Published Jan 23, 2020
chemdawg, MSN
40 Posts
Currently at our facility there is not a need to obtain a consent for IVIG. As this is made from over a 1000 seperate donor's blood products, and has a potential in causing a reaction in up to 30% of the population, is this current practice? I distinctly remember there being a place on the Blood Administration Consent for Immunoglobulin (IVIG), that you could select.
Thanks for any input, most of the information I am finding is for other countries.
MunoRN, RN
8,058 Posts
There's nothing we do to a patient that doesn't require consent, it's up to organizations to determine which particular consents they want written documentation of. Some may chose to document a patient's consent to administration of immunotherapy agents with written consent, others might not.
Thanks for the feedback. There is always verbal consent on everything we do, if it is feasible. I am looking to hear how others are doing it to determine if it is worth looking into a possible policy change down the line. I have only been at this system a year, the previous place I mentioned was in another state 8 years ago.

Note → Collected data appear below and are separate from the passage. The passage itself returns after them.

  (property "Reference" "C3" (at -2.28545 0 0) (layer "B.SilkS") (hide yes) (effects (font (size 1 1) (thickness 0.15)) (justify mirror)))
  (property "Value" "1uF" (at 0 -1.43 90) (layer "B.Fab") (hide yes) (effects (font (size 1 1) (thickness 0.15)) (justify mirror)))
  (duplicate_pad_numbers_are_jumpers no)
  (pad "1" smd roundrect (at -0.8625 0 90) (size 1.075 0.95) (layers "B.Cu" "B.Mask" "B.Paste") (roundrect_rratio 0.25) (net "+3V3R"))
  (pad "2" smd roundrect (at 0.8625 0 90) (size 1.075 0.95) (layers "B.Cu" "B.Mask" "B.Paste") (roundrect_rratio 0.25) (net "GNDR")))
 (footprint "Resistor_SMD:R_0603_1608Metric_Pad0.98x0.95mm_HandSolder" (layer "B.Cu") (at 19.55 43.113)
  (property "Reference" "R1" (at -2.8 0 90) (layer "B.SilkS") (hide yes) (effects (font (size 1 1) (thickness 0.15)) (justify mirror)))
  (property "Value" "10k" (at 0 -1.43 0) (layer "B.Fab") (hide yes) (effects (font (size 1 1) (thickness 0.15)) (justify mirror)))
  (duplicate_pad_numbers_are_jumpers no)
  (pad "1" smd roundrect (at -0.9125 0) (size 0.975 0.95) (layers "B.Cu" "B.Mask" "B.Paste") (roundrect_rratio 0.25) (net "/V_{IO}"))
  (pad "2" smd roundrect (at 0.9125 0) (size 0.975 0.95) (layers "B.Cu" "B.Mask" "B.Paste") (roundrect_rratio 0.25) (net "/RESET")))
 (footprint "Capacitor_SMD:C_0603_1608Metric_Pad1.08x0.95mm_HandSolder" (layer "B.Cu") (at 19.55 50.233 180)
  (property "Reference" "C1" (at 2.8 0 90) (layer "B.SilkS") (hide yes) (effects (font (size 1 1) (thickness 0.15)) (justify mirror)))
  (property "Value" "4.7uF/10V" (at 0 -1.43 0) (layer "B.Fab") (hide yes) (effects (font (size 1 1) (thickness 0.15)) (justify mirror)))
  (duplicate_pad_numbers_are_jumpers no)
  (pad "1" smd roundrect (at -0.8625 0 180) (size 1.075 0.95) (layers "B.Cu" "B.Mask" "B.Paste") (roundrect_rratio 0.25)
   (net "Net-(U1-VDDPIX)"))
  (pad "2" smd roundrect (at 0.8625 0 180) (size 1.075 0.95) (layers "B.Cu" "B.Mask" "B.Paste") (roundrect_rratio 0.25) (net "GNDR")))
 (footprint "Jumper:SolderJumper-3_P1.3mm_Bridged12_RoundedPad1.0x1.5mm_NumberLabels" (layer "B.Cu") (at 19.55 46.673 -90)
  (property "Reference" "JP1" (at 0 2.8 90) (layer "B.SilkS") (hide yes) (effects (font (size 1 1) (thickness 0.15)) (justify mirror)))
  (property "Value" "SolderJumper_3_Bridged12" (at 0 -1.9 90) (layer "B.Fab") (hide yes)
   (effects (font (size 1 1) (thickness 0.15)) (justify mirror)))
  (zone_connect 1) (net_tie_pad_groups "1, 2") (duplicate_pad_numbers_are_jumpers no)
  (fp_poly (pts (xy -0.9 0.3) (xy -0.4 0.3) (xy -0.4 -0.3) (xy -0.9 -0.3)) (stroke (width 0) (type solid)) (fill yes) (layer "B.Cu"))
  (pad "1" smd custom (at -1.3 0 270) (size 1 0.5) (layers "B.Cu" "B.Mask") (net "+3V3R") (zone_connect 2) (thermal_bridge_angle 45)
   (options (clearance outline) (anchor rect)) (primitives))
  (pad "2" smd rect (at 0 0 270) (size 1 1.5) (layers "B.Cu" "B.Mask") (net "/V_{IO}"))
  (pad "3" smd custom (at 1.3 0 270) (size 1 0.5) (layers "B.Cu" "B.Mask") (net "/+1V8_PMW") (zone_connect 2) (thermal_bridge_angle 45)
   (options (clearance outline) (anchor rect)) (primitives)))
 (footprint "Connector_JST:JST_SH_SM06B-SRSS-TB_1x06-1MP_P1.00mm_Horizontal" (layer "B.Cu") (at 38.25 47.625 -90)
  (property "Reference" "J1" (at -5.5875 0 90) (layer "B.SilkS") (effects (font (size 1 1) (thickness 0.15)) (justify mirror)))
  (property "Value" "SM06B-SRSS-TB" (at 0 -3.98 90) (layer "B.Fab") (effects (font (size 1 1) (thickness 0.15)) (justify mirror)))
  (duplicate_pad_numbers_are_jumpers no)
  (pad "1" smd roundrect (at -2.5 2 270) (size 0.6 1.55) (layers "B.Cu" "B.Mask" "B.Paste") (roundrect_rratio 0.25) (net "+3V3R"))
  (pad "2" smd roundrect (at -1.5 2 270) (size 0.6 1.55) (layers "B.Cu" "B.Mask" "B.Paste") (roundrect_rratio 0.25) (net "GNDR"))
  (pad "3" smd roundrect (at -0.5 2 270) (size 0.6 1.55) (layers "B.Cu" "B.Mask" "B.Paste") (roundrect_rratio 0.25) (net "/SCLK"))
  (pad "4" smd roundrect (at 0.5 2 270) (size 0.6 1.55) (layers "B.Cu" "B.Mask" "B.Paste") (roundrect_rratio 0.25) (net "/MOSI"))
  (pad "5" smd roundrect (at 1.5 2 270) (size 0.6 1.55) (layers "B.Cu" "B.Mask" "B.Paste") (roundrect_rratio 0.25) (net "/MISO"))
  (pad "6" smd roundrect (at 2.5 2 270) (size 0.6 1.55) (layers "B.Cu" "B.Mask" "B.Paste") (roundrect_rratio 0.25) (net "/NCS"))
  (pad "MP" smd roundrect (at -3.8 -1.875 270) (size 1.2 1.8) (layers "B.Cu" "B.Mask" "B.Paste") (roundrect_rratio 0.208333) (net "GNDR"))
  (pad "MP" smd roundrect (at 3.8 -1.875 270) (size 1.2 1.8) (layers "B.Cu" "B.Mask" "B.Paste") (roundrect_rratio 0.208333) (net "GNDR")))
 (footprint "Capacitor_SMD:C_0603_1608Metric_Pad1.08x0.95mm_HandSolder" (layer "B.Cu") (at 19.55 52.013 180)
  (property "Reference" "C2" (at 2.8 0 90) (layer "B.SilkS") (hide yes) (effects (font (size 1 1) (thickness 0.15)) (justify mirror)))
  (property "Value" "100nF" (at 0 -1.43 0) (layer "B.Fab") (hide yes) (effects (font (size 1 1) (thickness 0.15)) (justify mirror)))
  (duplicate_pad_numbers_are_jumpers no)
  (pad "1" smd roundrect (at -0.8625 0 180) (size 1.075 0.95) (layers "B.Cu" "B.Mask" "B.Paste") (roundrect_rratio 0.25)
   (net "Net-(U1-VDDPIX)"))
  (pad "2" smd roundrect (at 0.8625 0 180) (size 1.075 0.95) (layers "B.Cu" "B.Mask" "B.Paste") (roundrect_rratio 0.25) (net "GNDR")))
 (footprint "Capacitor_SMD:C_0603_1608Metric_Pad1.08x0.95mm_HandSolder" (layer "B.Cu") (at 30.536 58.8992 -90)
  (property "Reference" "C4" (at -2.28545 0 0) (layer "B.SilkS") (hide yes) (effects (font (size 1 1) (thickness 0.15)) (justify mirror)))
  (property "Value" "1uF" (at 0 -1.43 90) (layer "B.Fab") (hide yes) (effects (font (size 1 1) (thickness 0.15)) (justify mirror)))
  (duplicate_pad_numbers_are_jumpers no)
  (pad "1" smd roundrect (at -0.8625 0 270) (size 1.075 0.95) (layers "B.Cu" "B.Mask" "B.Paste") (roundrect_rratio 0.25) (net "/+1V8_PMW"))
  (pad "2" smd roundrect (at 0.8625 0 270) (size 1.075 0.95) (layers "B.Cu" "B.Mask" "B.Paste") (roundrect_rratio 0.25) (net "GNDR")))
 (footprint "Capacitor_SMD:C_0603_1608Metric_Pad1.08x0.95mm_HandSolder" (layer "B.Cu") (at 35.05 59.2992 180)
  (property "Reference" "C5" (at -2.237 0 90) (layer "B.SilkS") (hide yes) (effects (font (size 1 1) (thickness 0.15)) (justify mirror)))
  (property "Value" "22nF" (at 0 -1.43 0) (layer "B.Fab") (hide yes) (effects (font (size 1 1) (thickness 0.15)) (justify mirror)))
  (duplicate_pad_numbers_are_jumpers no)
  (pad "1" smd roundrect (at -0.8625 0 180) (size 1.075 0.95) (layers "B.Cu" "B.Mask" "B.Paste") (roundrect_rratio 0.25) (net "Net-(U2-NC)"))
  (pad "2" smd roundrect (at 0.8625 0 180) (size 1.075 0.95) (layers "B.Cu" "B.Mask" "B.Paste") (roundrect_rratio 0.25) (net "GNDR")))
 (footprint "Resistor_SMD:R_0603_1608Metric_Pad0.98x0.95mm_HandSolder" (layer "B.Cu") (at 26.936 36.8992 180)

Basically in 10 years of nursing, I have yet to give it , but recently had a patient needing it.
Rose_Queen, BSN, MSN, RN
6 Articles; 11,935 Posts
Albumin is also a product of human plasma and everywhere I've worked or been a patient/had a family member as a patient treated it like a medication. There was no blood consent required. I'm sure IVIG is considered the same way.
Just me.
85 Posts
Do you get it from the hospital pharmacy? If it comes from them, they would likely know the need for consent. Like with blood bank, they usually get sent certain documentation sent back to them for things like rhogam at our hospital. Or call a unit that does infusion therapy and double check with them. It sounds like your saying there is no hospital policy or procedure instructions, but check with your unit manager?
Tink87, BSN, LPN, RN
75 Posts
I also give IVIG and we also do not require an official consent. It's definitely a weird policy.